• [Information shown]:
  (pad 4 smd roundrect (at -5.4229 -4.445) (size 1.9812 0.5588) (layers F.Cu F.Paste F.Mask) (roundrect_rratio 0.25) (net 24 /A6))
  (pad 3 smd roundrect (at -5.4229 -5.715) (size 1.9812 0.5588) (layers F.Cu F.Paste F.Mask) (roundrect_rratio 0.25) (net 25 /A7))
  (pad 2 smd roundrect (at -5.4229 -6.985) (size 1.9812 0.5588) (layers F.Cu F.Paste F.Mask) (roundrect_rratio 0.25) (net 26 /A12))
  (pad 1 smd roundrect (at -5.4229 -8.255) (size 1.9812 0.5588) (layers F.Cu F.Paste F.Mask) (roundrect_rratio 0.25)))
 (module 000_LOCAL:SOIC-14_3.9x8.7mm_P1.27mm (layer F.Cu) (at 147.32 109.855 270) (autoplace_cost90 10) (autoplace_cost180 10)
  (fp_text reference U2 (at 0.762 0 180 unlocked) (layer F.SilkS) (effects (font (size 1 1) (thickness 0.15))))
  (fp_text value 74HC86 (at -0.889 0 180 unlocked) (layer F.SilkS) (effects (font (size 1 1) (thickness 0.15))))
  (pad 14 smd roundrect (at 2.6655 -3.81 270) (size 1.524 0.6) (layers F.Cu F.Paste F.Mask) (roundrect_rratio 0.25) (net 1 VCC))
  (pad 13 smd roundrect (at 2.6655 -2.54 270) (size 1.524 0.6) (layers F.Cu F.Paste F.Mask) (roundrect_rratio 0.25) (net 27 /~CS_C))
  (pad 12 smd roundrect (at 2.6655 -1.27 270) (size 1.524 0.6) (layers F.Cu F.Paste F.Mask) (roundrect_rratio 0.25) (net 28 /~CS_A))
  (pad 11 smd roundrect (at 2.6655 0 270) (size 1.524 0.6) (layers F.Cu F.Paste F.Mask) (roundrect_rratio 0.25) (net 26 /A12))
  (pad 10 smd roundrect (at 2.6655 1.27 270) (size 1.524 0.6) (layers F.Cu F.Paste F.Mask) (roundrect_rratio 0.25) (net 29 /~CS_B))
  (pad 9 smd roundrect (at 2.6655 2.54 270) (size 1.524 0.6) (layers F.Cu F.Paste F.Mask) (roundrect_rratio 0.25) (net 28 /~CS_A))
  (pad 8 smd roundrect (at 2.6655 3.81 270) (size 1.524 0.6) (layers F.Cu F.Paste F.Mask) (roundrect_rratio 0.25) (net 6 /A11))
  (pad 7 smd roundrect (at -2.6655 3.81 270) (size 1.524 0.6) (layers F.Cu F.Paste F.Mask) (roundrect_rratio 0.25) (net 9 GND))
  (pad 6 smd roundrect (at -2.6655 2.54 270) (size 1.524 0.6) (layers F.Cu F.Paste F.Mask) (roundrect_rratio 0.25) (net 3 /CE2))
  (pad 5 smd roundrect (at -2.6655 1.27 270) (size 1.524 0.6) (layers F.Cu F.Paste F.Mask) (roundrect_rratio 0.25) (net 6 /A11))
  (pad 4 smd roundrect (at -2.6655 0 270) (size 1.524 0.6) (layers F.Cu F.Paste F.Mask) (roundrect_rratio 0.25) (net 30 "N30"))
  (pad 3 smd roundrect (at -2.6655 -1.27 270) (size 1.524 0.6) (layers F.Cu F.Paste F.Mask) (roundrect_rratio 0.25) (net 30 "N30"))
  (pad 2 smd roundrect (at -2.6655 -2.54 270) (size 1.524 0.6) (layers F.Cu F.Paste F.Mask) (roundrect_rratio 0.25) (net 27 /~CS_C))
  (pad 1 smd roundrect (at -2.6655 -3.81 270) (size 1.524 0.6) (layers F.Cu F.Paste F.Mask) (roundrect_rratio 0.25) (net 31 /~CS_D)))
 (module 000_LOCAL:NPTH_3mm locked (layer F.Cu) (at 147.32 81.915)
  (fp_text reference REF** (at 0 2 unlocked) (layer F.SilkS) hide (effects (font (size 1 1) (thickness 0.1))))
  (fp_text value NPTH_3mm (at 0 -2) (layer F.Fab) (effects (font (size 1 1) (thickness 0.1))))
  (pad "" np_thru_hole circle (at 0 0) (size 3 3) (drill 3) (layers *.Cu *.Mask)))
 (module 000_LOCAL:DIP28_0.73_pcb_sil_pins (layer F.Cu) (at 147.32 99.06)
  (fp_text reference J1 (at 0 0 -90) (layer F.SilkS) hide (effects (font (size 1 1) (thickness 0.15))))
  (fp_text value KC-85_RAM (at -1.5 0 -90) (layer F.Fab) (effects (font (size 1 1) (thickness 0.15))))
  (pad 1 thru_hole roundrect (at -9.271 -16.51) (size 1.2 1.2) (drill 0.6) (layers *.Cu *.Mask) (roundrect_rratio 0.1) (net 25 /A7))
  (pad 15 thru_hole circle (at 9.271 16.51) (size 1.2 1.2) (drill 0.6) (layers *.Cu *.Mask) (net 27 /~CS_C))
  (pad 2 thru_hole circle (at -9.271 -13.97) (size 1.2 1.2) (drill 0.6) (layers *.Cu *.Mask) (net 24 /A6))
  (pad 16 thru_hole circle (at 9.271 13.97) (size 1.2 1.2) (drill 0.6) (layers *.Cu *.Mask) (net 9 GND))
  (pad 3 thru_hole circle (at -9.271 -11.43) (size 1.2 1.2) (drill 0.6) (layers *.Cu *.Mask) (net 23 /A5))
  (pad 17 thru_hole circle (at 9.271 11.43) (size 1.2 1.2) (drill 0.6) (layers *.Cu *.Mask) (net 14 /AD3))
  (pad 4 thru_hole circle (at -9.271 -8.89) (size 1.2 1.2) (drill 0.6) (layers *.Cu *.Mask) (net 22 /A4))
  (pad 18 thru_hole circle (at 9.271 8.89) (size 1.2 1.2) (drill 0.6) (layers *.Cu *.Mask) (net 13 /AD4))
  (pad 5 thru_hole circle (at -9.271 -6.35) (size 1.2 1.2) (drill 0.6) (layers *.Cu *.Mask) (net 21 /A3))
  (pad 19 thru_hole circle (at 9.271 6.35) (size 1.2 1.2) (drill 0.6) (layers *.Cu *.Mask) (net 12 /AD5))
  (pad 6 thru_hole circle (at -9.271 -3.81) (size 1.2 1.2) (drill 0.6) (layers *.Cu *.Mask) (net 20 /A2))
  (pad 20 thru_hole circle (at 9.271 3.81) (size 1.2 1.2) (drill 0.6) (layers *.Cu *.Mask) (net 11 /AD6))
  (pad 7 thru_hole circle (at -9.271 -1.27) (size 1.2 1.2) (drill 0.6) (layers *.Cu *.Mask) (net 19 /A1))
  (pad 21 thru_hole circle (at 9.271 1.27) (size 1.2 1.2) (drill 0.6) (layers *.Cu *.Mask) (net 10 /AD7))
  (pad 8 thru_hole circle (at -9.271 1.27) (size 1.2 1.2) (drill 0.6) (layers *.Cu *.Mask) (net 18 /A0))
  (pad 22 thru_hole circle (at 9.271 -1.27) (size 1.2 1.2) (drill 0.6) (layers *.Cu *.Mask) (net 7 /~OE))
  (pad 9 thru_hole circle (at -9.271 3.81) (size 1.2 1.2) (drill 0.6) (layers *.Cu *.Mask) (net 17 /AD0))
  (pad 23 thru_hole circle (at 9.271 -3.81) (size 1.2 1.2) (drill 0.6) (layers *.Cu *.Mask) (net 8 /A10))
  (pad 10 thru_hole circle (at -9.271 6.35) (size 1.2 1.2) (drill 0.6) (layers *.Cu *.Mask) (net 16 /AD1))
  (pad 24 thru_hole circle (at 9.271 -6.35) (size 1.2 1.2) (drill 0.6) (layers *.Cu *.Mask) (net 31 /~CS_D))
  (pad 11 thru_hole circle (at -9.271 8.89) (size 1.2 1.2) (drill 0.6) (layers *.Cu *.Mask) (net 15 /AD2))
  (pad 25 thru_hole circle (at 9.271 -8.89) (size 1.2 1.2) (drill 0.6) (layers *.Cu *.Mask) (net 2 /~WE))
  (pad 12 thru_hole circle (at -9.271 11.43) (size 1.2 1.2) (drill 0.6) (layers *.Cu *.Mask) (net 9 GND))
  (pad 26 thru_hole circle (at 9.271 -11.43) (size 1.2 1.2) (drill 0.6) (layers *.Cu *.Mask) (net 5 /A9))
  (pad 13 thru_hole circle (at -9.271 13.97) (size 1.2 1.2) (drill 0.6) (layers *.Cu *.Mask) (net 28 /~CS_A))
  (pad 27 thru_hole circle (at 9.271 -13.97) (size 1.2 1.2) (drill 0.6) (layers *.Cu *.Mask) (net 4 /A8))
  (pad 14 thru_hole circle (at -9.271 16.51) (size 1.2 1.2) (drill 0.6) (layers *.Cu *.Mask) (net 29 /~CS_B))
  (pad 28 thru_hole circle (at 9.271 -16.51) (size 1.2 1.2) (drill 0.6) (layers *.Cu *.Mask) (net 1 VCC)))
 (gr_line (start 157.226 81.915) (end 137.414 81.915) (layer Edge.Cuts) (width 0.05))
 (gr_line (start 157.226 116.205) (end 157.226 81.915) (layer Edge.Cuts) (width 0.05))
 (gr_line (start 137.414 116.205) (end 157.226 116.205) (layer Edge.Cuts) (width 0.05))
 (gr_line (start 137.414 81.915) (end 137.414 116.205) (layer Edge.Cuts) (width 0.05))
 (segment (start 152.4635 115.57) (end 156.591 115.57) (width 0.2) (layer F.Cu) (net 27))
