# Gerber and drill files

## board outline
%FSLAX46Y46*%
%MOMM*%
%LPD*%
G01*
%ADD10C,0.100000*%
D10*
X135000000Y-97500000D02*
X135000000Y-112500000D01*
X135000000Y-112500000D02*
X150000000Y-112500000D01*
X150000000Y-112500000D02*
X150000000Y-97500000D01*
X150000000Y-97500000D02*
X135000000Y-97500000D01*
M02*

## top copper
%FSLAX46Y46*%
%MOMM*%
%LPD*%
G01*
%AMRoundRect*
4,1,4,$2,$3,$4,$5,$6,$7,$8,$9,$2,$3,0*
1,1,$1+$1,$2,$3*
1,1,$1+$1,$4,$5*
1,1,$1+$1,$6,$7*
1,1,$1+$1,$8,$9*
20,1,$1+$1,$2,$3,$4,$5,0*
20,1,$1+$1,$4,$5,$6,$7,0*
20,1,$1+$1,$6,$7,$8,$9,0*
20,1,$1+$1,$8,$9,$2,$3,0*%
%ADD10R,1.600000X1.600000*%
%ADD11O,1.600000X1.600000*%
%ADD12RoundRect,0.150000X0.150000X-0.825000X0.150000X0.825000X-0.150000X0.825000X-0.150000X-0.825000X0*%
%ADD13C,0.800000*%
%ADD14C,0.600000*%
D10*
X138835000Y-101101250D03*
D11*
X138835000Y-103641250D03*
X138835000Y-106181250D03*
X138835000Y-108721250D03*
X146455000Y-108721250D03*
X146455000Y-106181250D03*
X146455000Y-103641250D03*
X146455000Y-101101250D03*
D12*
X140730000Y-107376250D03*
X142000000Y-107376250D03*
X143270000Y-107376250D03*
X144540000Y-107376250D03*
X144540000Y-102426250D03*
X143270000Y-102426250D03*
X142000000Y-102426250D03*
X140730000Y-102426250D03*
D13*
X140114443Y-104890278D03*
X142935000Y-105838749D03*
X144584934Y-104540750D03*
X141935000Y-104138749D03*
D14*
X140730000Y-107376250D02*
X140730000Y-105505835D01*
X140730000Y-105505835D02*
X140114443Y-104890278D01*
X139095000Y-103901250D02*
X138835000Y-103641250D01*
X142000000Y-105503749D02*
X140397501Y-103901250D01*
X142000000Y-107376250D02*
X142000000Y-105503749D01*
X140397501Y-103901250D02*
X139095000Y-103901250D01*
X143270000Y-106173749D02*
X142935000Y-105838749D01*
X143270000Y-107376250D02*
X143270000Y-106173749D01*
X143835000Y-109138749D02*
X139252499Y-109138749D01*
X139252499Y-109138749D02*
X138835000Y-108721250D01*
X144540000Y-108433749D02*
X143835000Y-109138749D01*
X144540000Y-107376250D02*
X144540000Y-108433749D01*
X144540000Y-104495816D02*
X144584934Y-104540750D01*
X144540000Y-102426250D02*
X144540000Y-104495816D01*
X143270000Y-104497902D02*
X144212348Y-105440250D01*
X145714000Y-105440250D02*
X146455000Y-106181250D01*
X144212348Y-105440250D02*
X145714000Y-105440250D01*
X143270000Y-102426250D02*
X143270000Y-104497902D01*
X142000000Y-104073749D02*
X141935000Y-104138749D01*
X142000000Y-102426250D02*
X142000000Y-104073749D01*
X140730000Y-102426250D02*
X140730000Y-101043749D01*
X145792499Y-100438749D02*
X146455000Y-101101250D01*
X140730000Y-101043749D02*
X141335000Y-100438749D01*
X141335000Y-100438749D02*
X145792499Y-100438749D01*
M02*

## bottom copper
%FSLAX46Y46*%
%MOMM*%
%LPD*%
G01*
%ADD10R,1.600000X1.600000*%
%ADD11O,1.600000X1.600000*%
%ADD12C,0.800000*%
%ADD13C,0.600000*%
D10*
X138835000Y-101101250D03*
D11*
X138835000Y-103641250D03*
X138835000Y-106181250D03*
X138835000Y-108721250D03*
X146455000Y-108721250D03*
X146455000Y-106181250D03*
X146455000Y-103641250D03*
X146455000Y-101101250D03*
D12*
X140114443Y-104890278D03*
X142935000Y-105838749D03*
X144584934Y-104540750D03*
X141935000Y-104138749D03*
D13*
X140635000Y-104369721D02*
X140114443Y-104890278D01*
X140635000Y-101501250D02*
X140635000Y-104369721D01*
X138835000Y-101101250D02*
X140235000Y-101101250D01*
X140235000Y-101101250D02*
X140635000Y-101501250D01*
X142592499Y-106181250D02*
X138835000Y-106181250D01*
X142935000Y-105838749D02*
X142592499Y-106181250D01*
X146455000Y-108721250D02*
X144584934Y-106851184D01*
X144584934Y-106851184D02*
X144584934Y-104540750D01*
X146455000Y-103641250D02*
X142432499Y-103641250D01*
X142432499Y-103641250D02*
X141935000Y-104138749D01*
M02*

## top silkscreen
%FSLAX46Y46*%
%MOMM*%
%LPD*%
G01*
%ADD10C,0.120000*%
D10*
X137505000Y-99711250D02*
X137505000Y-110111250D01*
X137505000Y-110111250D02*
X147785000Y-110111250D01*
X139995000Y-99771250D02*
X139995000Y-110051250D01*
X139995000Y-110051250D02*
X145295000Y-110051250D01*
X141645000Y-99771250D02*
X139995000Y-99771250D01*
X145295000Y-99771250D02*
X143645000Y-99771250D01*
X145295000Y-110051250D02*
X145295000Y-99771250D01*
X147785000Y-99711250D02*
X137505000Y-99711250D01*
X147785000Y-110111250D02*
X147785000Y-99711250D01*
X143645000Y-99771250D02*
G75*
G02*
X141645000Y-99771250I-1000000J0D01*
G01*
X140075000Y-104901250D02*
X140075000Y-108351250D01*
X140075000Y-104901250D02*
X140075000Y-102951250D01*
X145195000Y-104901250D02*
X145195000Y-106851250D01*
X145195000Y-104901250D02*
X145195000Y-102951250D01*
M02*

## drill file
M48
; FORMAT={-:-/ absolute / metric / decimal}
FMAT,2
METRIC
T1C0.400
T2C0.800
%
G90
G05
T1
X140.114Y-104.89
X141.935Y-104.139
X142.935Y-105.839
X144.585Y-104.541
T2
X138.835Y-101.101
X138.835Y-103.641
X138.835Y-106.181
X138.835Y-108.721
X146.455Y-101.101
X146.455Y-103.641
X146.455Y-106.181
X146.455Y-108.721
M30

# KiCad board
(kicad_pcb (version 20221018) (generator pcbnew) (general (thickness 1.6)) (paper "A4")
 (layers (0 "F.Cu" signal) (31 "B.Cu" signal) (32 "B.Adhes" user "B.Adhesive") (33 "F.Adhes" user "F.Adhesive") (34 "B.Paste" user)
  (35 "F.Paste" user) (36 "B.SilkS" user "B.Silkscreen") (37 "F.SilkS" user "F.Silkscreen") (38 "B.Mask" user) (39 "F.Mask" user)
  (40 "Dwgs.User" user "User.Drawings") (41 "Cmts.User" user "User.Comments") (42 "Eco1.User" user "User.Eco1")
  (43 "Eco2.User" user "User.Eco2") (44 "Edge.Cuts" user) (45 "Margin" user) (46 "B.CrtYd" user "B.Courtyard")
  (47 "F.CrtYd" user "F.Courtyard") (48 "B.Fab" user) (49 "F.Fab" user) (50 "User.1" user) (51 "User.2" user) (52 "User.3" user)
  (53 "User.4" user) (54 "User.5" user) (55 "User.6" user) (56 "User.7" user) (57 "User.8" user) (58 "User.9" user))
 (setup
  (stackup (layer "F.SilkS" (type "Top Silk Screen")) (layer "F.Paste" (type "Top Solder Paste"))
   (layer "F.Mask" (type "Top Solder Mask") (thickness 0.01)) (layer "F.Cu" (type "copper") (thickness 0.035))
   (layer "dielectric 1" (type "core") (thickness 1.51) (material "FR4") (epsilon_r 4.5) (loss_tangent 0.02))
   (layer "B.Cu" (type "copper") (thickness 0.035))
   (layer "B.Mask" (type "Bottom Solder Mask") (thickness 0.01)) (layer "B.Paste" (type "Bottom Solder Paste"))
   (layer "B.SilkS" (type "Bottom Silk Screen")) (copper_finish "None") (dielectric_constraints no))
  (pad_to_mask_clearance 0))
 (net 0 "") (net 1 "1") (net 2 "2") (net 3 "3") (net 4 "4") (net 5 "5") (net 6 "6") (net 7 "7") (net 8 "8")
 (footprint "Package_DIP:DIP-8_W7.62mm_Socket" (layer "F.Cu") (at 138.835 101.10125)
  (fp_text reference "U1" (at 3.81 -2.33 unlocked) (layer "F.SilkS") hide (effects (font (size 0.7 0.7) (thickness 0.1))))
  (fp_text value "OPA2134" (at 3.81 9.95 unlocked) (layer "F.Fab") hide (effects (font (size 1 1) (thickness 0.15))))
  (fp_line (start -1.33 -1.39) (end -1.33 9.01) (stroke (width 0.12) (type solid)) (layer "F.SilkS"))
  (fp_line (start -1.33 9.01) (end 8.95 9.01) (stroke (width 0.12) (type solid)) (layer "F.SilkS"))
  (fp_line (start 1.16 -1.33) (end 1.16 8.95) (stroke (width 0.12) (type solid)) (layer "F.SilkS"))
  (fp_line (start 1.16 8.95) (end 6.46 8.95) (stroke (width 0.12) (type solid)) (layer "F.SilkS"))
  (fp_line (start 2.81 -1.33) (end 1.16 -1.33) (stroke (width 0.12) (type solid)) (layer "F.SilkS"))
  (fp_line (start 6.46 -1.33) (end 4.81 -1.33) (stroke (width 0.12) (type solid)) (layer "F.SilkS"))
  (fp_line (start 6.46 8.95) (end 6.46 -1.33) (stroke (width 0.12) (type solid)) (layer "F.SilkS"))
  (fp_line (start 8.95 -1.39) (end -1.33 -1.39) (stroke (width 0.12) (type solid)) (layer "F.SilkS"))
  (fp_line (start 8.95 9.01) (end 8.95 -1.39) (stroke (width 0.12) (type solid)) (layer "F.SilkS"))
  (fp_arc (start 4.81 -1.33) (mid 3.81 -0.33) (end 2.81 -1.33) (stroke (width 0.12) (type solid)) (layer "F.SilkS"))
  (pad "1" thru_hole rect (at 0 0) (size 1.6 1.6) (drill 0.8) (layers "*.Cu" "*.Mask") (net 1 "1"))
  (pad "2" thru_hole oval (at 0 2.54) (size 1.6 1.6) (drill 0.8) (layers "*.Cu" "*.Mask") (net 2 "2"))
  (pad "3" thru_hole oval (at 0 5.08) (size 1.6 1.6) (drill 0.8) (layers "*.Cu" "*.Mask") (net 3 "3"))
  (pad "4" thru_hole oval (at 0 7.62) (size 1.6 1.6) (drill 0.8) (layers "*.Cu" "*.Mask") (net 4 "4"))
  (pad "5" thru_hole oval (at 7.62 7.62) (size 1.6 1.6) (drill 0.8) (layers "*.Cu" "*.Mask") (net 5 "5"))
  (pad "6" thru_hole oval (at 7.62 5.08) (size 1.6 1.6) (drill 0.8) (layers "*.Cu" "*.Mask") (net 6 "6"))
  (pad "7" thru_hole oval (at 7.62 2.54) (size 1.6 1.6) (drill 0.8) (layers "*.Cu" "*.Mask") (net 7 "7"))
  (pad "8" thru_hole oval (at 7.62 0) (size 1.6 1.6) (drill 0.8) (layers "*.Cu" "*.Mask") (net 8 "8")))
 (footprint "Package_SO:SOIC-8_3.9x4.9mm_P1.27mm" (layer "F.Cu") (at 142.635 104.90125 90)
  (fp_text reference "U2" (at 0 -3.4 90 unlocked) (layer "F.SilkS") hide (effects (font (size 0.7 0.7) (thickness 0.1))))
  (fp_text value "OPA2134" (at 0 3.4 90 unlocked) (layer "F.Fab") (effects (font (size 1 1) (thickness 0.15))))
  (fp_line (start 0 -2.56) (end -3.45 -2.56) (stroke (width 0.12) (type solid)) (layer "F.SilkS"))
  (fp_line (start 0 -2.56) (end 1.95 -2.56) (stroke (width 0.12) (type solid)) (layer "F.SilkS"))
  (fp_line (start 0 2.56) (end -1.95 2.56) (stroke (width 0.12) (type solid)) (layer "F.SilkS"))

• [Work to be completed]: Write out, exactly and with nothing else, the lines of the listing above from its first line through the line with "(pad 11 smd".

• [Response below]:
  (pad 4 smd roundrect (at -5.4229 -4.445) (size 1.9812 0.5588) (layers F.Cu F.Paste F.Mask) (roundrect_rratio 0.25) (net 24 /A6))
  (pad 3 smd roundrect (at -5.4229 -5.715) (size 1.9812 0.5588) (layers F.Cu F.Paste F.Mask) (roundrect_rratio 0.25) (net 25 /A7))
  (pad 2 smd roundrect (at -5.4229 -6.985) (size 1.9812 0.5588) (layers F.Cu F.Paste F.Mask) (roundrect_rratio 0.25) (net 26 /A12))
  (pad 1 smd roundrect (at -5.4229 -8.255) (size 1.9812 0.5588) (layers F.Cu F.Paste F.Mask) (roundrect_rratio 0.25)))
 (module 000_LOCAL:SOIC-14_3.9x8.7mm_P1.27mm (layer F.Cu) (at 147.32 109.855 270) (autoplace_cost90 10) (autoplace_cost180 10)
  (fp_text reference U2 (at 0.762 0 180 unlocked) (layer F.SilkS) (effects (font (size 1 1) (thickness 0.15))))
  (fp_text value 74HC86 (at -0.889 0 180 unlocked) (layer F.SilkS) (effects (font (size 1 1) (thickness 0.15))))
  (pad 14 smd roundrect (at 2.6655 -3.81 270) (size 1.524 0.6) (layers F.Cu F.Paste F.Mask) (roundrect_rratio 0.25) (net 1 VCC))
  (pad 13 smd roundrect (at 2.6655 -2.54 270) (size 1.524 0.6) (layers F.Cu F.Paste F.Mask) (roundrect_rratio 0.25) (net 27 /~CS_C))
  (pad 12 smd roundrect (at 2.6655 -1.27 270) (size 1.524 0.6) (layers F.Cu F.Paste F.Mask) (roundrect_rratio 0.25) (net 28 /~CS_A))
  (pad 11 smd roundrect (at 2.6655 0 270) (size 1.524 0.6) (layers F.Cu F.Paste F.Mask) (roundrect_rratio 0.25) (net 26 /A12))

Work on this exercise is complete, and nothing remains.